PROBLEM TO SOLVE: Only those lines in the data below from the line containing "X92406675Y-95699940D01*" through the line containing "(kicad_pcb (version 4)", both included, should be restated word for word.

SUPPLIED DATA:
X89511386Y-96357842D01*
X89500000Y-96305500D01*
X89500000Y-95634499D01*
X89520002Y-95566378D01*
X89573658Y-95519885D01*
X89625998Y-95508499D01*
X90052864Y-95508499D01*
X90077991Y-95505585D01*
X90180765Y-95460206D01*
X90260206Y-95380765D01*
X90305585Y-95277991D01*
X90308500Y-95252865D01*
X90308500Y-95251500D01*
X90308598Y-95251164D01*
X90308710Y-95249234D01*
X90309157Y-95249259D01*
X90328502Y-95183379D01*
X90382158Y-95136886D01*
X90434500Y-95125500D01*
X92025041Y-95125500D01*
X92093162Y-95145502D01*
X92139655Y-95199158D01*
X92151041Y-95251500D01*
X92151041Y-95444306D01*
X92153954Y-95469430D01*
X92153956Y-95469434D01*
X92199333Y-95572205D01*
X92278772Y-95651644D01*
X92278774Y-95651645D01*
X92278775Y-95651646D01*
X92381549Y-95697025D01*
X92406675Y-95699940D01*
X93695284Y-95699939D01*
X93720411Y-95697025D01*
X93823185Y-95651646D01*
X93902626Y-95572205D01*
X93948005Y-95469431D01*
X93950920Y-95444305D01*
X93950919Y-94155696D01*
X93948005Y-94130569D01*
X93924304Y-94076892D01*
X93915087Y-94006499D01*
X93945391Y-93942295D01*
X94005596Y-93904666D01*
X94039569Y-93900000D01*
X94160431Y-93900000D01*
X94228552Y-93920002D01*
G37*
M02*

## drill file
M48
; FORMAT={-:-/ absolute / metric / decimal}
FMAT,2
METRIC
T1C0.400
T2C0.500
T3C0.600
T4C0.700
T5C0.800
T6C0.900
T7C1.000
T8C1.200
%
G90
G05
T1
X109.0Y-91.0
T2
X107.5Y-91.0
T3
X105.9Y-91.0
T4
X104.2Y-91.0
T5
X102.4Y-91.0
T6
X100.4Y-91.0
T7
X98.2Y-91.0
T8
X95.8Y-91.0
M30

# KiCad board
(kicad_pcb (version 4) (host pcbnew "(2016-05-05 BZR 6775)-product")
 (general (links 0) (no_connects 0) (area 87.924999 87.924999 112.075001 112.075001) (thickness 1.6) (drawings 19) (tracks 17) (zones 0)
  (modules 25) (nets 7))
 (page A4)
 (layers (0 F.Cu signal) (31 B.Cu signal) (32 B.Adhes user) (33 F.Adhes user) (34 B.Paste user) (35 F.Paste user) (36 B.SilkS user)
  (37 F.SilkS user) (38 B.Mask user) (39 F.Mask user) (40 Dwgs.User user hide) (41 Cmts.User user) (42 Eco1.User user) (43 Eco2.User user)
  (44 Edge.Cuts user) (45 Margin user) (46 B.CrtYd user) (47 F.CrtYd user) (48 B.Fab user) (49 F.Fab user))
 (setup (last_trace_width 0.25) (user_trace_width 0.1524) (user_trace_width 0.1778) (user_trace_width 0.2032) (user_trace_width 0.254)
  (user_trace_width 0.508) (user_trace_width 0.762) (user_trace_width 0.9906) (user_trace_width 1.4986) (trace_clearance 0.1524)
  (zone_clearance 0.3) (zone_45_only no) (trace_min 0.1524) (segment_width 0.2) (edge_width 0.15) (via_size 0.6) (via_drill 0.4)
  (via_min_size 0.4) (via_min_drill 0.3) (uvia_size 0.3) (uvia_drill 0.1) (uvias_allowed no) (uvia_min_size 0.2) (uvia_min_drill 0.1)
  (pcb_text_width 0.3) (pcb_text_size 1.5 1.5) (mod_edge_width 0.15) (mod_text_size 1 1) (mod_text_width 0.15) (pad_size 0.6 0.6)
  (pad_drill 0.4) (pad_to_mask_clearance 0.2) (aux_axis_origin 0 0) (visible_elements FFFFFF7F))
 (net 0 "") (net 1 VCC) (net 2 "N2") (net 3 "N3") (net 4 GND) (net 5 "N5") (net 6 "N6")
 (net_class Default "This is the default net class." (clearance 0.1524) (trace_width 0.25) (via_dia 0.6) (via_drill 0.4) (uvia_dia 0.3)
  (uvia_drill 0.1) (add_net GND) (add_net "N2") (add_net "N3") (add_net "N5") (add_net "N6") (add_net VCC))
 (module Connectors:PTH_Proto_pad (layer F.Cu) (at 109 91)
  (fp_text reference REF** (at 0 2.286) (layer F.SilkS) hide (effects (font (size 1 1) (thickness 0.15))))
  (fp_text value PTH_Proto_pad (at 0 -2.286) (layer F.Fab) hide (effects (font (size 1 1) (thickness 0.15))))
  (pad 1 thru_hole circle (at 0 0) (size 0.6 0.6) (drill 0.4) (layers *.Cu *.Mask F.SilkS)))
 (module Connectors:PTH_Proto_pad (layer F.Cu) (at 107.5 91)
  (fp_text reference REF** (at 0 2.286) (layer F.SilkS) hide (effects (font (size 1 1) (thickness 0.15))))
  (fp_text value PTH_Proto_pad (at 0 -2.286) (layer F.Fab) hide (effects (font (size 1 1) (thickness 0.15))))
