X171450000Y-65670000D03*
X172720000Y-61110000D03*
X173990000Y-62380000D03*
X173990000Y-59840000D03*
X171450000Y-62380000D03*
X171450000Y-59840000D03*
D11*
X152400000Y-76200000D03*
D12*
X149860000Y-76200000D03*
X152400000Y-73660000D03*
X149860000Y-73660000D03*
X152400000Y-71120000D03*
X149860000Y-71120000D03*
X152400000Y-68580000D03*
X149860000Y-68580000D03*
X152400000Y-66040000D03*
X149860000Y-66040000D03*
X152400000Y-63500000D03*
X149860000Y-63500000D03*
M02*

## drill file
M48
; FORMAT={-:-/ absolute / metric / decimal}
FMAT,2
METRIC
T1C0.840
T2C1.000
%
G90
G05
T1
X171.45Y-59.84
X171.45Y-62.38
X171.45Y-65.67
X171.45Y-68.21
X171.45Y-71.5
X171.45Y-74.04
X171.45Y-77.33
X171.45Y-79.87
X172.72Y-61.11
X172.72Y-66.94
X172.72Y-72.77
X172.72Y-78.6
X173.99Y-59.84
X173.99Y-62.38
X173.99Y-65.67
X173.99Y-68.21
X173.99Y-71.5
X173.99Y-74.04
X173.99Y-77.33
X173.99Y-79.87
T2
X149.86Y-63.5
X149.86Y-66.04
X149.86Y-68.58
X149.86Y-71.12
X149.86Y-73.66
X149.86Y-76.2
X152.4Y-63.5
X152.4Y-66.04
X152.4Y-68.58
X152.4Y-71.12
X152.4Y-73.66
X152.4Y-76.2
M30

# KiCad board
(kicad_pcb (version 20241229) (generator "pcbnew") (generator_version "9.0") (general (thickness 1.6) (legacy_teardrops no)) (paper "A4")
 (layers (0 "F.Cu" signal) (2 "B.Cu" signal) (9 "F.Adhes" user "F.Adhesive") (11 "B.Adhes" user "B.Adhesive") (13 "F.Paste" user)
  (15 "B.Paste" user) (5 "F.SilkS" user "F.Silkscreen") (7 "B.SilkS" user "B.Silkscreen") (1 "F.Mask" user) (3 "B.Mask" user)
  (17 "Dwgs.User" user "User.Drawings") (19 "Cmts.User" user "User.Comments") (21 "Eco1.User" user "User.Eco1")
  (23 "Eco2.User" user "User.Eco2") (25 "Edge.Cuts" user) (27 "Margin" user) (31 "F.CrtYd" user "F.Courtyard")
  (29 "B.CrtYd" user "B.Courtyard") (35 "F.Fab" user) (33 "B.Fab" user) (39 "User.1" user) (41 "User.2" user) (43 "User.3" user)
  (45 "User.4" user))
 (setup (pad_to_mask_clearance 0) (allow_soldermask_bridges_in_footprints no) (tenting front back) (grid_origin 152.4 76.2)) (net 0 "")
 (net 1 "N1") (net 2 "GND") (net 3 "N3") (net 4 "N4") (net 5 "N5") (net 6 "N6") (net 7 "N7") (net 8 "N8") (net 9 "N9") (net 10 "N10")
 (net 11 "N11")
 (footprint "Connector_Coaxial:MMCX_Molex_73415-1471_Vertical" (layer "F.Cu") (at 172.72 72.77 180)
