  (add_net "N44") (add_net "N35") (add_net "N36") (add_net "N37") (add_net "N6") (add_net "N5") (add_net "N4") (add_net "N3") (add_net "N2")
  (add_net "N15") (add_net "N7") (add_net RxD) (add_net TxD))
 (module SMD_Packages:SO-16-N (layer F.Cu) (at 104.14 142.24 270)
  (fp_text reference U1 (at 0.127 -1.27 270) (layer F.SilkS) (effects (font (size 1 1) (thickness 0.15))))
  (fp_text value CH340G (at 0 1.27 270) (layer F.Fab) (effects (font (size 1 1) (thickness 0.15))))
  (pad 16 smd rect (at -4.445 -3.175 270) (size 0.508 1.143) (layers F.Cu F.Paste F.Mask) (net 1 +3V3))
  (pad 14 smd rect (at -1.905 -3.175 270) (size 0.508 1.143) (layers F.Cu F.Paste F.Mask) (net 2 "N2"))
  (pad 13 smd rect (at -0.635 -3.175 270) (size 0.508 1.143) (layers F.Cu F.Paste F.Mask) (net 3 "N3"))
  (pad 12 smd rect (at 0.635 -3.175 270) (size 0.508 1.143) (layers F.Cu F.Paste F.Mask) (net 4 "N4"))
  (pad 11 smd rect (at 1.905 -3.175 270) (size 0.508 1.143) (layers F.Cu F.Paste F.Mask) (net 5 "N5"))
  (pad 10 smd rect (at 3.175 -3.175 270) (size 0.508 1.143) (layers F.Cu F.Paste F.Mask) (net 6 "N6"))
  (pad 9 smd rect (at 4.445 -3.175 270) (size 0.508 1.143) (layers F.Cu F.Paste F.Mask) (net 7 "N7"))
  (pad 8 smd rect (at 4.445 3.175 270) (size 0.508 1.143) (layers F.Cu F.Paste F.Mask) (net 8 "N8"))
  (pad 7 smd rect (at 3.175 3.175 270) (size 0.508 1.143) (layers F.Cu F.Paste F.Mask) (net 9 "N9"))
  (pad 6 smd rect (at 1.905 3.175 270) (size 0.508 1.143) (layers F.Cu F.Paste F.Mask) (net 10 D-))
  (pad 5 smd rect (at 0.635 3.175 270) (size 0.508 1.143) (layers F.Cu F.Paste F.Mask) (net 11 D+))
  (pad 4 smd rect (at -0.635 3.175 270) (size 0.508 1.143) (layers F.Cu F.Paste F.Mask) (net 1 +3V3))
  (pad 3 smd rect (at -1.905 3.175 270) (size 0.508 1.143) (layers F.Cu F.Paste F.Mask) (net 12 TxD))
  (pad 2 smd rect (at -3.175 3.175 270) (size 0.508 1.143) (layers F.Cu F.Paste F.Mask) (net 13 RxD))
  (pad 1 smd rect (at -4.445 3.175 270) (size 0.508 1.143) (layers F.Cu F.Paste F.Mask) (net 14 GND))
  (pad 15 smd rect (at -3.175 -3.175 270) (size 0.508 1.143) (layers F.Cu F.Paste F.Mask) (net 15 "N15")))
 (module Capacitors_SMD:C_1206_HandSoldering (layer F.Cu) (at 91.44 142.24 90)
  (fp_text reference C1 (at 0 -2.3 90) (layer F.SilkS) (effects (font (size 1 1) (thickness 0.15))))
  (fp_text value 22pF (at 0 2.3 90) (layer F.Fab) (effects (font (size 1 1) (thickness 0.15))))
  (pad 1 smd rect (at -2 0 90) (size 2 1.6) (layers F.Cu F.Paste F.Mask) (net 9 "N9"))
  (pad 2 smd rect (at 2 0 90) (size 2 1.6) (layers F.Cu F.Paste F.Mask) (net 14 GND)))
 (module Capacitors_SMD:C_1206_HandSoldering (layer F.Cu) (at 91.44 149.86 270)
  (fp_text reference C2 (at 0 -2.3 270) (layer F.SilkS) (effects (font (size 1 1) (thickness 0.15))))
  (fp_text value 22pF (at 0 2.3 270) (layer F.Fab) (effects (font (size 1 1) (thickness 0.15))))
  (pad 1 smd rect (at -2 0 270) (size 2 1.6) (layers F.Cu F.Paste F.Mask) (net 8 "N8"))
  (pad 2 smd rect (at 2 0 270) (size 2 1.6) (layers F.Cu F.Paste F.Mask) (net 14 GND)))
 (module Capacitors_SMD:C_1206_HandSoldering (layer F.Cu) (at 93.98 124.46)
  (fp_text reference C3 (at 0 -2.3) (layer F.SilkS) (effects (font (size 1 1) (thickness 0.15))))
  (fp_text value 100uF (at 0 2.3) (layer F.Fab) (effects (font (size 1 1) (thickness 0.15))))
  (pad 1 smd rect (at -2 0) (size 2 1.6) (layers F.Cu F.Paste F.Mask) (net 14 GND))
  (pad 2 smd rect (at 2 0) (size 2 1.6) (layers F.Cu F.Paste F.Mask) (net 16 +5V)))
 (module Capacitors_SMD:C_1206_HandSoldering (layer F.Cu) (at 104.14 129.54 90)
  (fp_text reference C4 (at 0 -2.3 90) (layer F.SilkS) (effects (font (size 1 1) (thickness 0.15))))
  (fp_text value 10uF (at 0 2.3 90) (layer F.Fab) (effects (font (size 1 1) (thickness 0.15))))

TASK RESPONSE:
X92406675Y-95699940D01*
X93695284Y-95699939D01*
X93720411Y-95697025D01*
X93823185Y-95651646D01*
X93902626Y-95572205D01*
X93948005Y-95469431D01*
X93950920Y-95444305D01*
X93950919Y-94155696D01*
X93948005Y-94130569D01*
X93924304Y-94076892D01*
X93915087Y-94006499D01*
X93945391Y-93942295D01*
X94005596Y-93904666D01*
X94039569Y-93900000D01*
X94160431Y-93900000D01*
X94228552Y-93920002D01*
G37*
M02*

## drill file
M48
; FORMAT={-:-/ absolute / metric / decimal}
FMAT,2
METRIC
T1C0.400
T2C0.500
T3C0.600
T4C0.700
T5C0.800
T6C0.900
T7C1.000
T8C1.200
%
G90
G05
T1
X109.0Y-91.0
T2
X107.5Y-91.0
T3
X105.9Y-91.0
T4
X104.2Y-91.0
T5
X102.4Y-91.0
T6
X100.4Y-91.0
T7
X98.2Y-91.0
T8
X95.8Y-91.0
M30

# KiCad board
(kicad_pcb (version 4) (host pcbnew "(2016-05-05 BZR 6775)-product")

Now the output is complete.